Uma jarra que foi perfurada, seja em sua boca, seja em seu fundo, seja em suas laterais, e o tevul yom tocou nela — ela é impura. Rabi Yehudá diz: pela boca e pelo fundo, é impura; pelas laterais, de um lado e de outro, é pura. Aquele que despeja de um vaso para outro, e o tevul yom tocou no jato — se há nele (o suficiente para anular), sobe em uma parte para cem.
A mishná trata de uma jarra de terumá perfurada, cujo líquido escorre para fora através do furo. Segundo o primeiro mestre, não importa em que ponto da jarra está o furo — na boca, no fundo, ou nas laterais —: se o tevul yom tocou no líquido que escorre por ali, todo o conteúdo da jarra é considerado impuro (isto é, desqualificado), pois o líquido que sai pelo furo é sempre visto como conectado ao restante do líquido dentro da jarra.
Rabi Yehudá distingue: um furo na boca ou no fundo da jarra realmente conecta o líquido que escorre a todo o conteúdo — pois, no caso da boca, todo o líquido de baixo serve de base ao que está em cima; e, no caso do fundo, todo o líquido é puxado em direção ao furo —, mas um furo nas laterais da jarra, de um lado ou de outro, não estabelece essa conexão com o restante do líquido: apenas o que efetivamente tocou fica desqualificado, e o resto permanece puro.
A mishná acrescenta um segundo caso: quando alguém despeja líquido de um vaso para outro, formando um jato (kilu´ach) contínuo no ar entre os dois vasos, e o tevul yom toca nesse jato — segundo a regra geral, um jato despejado não é considerado conexão (nitzok eino chibur), de modo que apenas o próprio jato fica desqualificado, sem afetar nem o líquido que ainda está no vaso de origem nem o que já caiu no vaso de destino. Como a porção desqualificada é pequena, ela se anula: se há no vaso de destino cem vezes a quantidade do líquido do jato desqualificado, este se anula na proporção de um para cem, e o restante permanece puro.

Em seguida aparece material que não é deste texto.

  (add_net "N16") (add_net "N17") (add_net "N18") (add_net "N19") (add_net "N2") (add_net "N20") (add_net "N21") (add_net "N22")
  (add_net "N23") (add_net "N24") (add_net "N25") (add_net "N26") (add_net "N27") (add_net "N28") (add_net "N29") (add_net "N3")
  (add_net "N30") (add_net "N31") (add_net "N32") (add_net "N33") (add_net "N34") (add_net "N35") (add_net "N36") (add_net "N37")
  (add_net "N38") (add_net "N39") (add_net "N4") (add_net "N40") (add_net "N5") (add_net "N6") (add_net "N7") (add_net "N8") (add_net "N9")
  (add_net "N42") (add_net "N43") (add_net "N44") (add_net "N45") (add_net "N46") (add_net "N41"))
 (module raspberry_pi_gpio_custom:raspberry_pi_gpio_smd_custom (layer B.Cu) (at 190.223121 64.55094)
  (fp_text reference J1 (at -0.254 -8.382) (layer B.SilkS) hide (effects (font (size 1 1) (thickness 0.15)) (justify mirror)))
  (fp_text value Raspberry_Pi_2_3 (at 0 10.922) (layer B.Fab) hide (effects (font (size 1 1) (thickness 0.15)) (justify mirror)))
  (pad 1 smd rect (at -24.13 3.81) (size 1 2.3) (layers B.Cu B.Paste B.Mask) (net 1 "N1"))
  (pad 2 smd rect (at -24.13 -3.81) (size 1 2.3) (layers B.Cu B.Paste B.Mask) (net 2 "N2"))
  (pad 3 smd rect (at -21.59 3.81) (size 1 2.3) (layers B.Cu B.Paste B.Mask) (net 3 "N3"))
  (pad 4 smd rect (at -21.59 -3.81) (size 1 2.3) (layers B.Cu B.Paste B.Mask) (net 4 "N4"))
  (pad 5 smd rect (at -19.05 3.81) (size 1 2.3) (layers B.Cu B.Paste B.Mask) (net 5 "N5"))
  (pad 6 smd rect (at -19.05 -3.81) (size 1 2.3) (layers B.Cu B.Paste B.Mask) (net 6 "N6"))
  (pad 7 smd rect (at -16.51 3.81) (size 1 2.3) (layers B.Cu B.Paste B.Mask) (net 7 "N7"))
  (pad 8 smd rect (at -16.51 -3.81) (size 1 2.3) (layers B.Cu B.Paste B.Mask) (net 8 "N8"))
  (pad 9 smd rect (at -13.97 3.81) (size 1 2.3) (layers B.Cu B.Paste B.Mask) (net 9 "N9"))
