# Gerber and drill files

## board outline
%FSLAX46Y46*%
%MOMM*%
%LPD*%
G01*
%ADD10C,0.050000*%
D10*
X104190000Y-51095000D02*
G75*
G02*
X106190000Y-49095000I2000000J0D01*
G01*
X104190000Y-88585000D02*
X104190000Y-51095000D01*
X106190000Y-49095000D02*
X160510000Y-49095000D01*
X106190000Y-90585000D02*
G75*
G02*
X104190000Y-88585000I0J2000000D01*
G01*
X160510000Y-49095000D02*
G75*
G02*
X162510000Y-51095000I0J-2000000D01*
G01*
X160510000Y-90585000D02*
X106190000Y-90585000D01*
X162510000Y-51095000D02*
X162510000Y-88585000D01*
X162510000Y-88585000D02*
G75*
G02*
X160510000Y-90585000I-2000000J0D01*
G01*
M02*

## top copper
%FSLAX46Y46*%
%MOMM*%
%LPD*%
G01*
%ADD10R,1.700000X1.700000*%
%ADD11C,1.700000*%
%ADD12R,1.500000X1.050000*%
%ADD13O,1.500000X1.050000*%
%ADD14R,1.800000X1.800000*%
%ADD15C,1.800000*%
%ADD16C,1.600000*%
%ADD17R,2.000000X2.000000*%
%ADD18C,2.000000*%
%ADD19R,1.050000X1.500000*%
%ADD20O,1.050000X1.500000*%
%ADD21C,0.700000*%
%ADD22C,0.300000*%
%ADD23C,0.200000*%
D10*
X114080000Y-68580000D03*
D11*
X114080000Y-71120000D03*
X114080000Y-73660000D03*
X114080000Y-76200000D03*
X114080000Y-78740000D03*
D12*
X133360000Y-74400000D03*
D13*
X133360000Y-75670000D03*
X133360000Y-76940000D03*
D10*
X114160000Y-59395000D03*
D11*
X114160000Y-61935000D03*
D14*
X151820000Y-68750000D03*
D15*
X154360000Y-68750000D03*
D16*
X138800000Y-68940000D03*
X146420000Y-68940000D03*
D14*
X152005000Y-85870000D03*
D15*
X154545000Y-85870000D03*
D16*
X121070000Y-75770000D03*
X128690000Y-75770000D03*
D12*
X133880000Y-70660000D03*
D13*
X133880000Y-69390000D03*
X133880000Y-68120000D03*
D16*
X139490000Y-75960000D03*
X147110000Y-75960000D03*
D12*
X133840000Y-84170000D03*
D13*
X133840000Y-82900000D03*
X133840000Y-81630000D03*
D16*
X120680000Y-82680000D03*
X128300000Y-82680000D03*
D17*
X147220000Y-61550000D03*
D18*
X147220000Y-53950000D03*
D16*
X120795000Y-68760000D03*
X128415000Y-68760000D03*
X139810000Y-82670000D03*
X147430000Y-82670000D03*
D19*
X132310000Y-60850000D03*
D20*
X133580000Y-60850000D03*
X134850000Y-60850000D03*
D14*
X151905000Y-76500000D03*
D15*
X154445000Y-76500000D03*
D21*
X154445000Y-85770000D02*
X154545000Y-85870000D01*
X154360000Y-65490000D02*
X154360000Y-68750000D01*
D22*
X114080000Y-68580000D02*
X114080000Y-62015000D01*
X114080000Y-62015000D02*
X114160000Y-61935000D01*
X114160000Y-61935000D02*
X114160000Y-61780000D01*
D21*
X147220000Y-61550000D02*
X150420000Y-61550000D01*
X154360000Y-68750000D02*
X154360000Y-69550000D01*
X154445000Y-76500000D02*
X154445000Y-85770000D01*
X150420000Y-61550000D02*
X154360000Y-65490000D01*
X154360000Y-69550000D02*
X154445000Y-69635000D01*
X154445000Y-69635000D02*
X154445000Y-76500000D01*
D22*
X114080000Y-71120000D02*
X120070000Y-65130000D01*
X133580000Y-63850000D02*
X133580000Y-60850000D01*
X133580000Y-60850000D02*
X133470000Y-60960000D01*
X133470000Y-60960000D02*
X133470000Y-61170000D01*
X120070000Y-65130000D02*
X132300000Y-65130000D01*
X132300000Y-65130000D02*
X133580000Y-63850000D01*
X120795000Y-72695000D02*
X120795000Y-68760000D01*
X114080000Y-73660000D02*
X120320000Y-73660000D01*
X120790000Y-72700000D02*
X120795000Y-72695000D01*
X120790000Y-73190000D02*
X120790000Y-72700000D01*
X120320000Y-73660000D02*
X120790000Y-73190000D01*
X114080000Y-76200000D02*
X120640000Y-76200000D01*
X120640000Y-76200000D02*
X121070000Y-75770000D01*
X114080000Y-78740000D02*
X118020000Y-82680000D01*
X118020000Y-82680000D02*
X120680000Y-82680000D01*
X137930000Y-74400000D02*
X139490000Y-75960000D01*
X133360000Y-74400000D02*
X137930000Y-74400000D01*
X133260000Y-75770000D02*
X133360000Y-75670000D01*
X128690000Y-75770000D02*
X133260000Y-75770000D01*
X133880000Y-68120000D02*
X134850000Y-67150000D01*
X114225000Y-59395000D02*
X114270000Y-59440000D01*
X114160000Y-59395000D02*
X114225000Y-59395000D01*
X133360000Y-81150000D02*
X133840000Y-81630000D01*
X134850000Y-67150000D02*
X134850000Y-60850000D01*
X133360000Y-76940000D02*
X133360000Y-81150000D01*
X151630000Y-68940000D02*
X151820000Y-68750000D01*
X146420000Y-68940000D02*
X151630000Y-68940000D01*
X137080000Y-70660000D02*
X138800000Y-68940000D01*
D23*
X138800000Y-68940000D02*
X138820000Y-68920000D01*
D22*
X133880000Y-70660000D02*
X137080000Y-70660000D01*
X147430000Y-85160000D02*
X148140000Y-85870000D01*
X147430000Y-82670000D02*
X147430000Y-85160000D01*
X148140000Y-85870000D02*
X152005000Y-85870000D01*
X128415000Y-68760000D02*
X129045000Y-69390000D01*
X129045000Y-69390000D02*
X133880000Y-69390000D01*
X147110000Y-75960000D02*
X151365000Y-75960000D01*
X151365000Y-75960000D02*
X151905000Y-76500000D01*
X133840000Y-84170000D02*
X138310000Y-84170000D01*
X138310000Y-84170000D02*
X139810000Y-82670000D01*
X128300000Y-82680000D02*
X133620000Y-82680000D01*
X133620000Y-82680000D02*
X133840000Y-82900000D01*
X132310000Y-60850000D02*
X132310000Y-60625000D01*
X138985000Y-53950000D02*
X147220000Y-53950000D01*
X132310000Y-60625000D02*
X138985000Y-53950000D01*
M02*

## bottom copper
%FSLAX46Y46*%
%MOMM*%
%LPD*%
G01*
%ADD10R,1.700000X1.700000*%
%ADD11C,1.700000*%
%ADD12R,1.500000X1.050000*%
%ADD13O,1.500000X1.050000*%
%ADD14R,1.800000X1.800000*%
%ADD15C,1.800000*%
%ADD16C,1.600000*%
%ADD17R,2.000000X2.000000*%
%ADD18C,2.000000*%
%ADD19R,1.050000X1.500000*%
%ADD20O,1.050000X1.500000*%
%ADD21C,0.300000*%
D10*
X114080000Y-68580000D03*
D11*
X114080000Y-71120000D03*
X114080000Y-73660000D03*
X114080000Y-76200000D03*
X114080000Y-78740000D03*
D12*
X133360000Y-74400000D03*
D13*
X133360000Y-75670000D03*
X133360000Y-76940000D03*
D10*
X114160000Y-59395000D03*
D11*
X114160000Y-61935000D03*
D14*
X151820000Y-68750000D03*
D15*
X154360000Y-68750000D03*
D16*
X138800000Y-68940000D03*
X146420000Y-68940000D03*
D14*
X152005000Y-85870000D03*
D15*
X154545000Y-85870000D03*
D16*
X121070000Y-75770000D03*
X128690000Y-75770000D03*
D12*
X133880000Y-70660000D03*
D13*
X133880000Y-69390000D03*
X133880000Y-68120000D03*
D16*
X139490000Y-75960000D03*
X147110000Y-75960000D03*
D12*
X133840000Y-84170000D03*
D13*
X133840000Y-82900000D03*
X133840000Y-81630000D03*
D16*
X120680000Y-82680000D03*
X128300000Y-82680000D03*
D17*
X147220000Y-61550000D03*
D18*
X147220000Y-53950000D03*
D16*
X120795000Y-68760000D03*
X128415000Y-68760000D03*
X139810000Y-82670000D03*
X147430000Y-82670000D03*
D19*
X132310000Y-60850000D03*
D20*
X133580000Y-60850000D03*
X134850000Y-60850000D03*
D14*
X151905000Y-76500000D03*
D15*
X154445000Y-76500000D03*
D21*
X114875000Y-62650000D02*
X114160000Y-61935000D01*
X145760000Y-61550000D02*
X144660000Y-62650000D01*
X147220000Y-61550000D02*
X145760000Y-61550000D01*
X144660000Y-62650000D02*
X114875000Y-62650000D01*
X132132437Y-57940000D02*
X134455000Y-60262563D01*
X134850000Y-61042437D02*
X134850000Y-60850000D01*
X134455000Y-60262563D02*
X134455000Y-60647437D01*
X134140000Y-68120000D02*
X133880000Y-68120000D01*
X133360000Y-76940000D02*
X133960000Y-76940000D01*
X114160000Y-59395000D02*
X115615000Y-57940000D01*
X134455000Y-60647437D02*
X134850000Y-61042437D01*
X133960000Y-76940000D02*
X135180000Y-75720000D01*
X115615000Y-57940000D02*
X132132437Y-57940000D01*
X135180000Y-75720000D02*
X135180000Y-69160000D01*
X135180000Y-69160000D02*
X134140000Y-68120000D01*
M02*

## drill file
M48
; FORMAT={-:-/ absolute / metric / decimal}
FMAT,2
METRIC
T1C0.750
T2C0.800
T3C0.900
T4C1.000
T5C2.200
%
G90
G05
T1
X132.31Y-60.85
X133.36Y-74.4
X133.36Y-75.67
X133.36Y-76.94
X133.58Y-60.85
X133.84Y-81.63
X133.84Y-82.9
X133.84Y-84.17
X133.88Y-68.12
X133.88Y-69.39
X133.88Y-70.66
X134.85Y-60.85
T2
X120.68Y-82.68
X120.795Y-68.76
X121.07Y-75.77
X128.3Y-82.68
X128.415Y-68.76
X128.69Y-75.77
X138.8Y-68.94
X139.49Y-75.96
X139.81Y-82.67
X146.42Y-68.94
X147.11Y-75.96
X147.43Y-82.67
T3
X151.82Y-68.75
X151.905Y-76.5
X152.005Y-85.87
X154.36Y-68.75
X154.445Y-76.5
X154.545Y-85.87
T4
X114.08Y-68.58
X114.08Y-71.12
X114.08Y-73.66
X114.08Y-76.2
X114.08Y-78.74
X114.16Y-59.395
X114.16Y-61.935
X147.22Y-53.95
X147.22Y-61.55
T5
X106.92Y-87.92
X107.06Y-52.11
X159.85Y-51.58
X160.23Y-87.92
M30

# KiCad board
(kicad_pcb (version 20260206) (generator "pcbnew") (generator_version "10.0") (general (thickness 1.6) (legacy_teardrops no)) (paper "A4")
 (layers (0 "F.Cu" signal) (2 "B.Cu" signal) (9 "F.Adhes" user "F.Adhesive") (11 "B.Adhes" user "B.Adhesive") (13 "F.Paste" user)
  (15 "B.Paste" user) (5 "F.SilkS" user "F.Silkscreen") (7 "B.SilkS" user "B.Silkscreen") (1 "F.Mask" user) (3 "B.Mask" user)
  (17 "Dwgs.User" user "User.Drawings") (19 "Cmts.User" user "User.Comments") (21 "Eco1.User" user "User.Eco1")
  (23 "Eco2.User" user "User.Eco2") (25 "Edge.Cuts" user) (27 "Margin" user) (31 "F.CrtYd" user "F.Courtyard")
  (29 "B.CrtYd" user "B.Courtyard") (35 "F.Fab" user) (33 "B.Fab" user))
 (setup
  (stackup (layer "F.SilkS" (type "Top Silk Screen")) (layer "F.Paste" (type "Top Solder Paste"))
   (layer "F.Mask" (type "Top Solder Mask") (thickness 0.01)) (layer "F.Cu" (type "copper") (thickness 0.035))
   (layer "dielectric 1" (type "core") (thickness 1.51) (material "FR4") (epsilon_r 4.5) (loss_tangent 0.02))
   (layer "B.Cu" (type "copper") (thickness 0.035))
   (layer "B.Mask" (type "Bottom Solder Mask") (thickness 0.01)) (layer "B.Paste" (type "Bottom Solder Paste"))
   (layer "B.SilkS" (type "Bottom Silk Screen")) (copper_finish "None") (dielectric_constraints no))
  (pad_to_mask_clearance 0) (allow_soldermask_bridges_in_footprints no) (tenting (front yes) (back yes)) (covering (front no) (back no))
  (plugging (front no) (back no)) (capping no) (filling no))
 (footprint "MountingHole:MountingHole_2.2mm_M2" (layer "F.Cu") (at 106.92 87.92)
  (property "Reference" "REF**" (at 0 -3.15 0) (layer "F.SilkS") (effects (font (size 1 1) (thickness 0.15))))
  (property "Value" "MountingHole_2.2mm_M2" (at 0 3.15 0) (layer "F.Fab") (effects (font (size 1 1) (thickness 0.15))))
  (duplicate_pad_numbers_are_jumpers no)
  (pad "" np_thru_hole circle (at 0 0) (size 2.2 2.2) (drill 2.2) (layers "*.Cu" "*.Mask")))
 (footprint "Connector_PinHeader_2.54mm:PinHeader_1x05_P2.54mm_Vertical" (layer "F.Cu") (at 114.08 68.58)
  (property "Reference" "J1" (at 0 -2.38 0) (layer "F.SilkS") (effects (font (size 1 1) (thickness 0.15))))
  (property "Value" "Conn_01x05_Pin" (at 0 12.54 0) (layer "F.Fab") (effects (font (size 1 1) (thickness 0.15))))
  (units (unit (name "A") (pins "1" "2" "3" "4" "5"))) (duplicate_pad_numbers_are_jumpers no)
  (pad "1" thru_hole rect (at 0 0) (size 1.7 1.7) (drill 1) (layers "*.Cu" "*.Mask") (remove_unused_layers no) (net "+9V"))
  (pad "2" thru_hole circle (at 0 2.54) (size 1.7 1.7) (drill 1) (layers "*.Cu" "*.Mask") (remove_unused_layers no) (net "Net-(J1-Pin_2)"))
  (pad "3" thru_hole circle (at 0 5.08) (size 1.7 1.7) (drill 1) (layers "*.Cu" "*.Mask") (remove_unused_layers no) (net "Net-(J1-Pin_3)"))
  (pad "4" thru_hole circle (at 0 7.62) (size 1.7 1.7) (drill 1) (layers "*.Cu" "*.Mask") (remove_unused_layers no) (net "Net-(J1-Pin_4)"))
  (pad "5" thru_hole circle (at 0 10.16) (size 1.7 1.7) (drill 1) (layers "*.Cu" "*.Mask") (remove_unused_layers no) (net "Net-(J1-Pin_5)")))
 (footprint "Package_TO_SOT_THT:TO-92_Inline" (layer "F.Cu") (at 133.36 74.4 -90)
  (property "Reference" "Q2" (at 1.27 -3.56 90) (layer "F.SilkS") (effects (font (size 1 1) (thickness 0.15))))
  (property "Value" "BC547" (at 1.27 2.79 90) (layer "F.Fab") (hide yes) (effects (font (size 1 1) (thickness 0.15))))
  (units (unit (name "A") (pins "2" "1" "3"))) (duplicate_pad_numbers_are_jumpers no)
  (pad "1" thru_hole rect (at 0 0 270) (size 1.05 1.5) (drill 0.75) (layers "*.Cu" "*.Mask") (remove_unused_layers no) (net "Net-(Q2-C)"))
  (pad "2" thru_hole oval (at 1.27 0 270) (size 1.05 1.5) (drill 0.75) (layers "*.Cu" "*.Mask") (remove_unused_layers no) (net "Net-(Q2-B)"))
  (pad "3" thru_hole oval (at 2.54 0 270) (size 1.05 1.5) (drill 0.75) (layers "*.Cu" "*.Mask") (remove_unused_layers no) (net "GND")))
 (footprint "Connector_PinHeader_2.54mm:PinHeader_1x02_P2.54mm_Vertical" (layer "F.Cu") (at 114.16 59.395)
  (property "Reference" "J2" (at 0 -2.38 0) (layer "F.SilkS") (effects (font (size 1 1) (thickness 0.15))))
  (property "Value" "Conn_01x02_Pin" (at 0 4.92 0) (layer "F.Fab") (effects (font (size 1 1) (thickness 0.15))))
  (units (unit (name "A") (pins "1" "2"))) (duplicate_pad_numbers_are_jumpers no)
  (pad "1" thru_hole rect (at 0 0) (size 1.7 1.7) (drill 1) (layers "*.Cu" "*.Mask") (remove_unused_layers no) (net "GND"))
  (pad "2" thru_hole circle (at 0 2.54) (size 1.7 1.7) (drill 1) (layers "*.Cu" "*.Mask") (remove_unused_layers no) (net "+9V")))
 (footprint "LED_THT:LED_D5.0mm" (layer "F.Cu") (at 151.82 68.75)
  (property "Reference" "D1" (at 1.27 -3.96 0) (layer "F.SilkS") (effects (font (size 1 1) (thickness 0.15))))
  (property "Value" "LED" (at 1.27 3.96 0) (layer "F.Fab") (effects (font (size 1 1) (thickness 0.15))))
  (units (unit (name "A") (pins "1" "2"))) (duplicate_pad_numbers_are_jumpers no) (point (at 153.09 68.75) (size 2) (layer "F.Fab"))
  (pad "1" thru_hole rect (at 0 0) (size 1.8 1.8) (drill 0.9) (layers "*.Cu" "*.Mask") (remove_unused_layers no) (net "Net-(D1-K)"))
  (pad "2" thru_hole circle (at 2.54 0) (size 1.8 1.8) (drill 0.9) (layers "*.Cu" "*.Mask") (remove_unused_layers no) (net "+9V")))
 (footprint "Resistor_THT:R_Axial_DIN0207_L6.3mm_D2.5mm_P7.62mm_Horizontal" (layer "F.Cu") (at 138.8 68.94)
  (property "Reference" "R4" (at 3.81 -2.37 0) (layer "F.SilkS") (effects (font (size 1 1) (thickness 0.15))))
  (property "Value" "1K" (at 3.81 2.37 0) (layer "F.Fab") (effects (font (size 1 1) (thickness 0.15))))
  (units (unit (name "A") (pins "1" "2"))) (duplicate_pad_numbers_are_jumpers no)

Quando essa jarra estava cheia de líquidos de terumá, e foi perfurada em qualquer lugar que seja o furo, e o tevul yom tocou no líquido naquele furo para tapá-lo com a mão, eis que desqualificou toda a jarra. E Rabi Yehudá diz que, se o furo estava na lateral da jarra, e ele tocou apenas naquela parte, somente ela fica desqualificada, e sobe em um para cem — e assim se explica na Tosefta.
E “kilu´ach” (jato) é a coisa que escorre no momento do derramamento. E disse o primeiro mestre que, quando a parte em que o tevul yom tocou e desqualificou, no momento do derramamento, era uma parte em cem e uma de todo o líquido, o líquido puro que se misturou permanece puro, pois tudo é permitido, como se explica no (tratado) Há de Terumot, ao dizerem: “uma seá de terumá impura que caiu em cem seá de terumá pura”, onde se diz que os sábios dizem que se perde em sua minoria. E não é lei como Rabi Yehudá.
“Pela boca e pelo fundo, é impura”: pela boca é impura, já que todo o vinho de baixo serve de base para o de cima, sendo conexão. E também pelo fundo, já que todo o vinho é puxado em direção ao furo, sendo conexão.
“Mas perfurada pela lateral, de um lado e de outro, é pura”: e não há desqualificação senão no que tocou, e sobe em um e cem. E não é lei como Rabi Yehudá.
“E o tevul yom tocou no jato”: apenas o jato fica desqualificado, pois o derramamento em jato não é conexão, e passa a ser terumá impura que se misturou à pura, e sobe em um e cem, como terumá em chulin. E nisto até os sábios concordam, que o jato não se considera conexão para os vasos, como o furo na lateral da jarra. E ainda que os líquidos não tenham purificação de sua impureza — isto é, que a imersão em mikvé não os purifica como às águas —, mesmo assim, por razão de anulação, anulam-se em um e cem. E isso é especificamente no toque do tevul yom, pois os líquidos se anulam, já que o tevul yom desqualifica e não contamina; mas nas demais impurezas, volta o que está no jato e contamina tudo o que está no vaso pelo toque.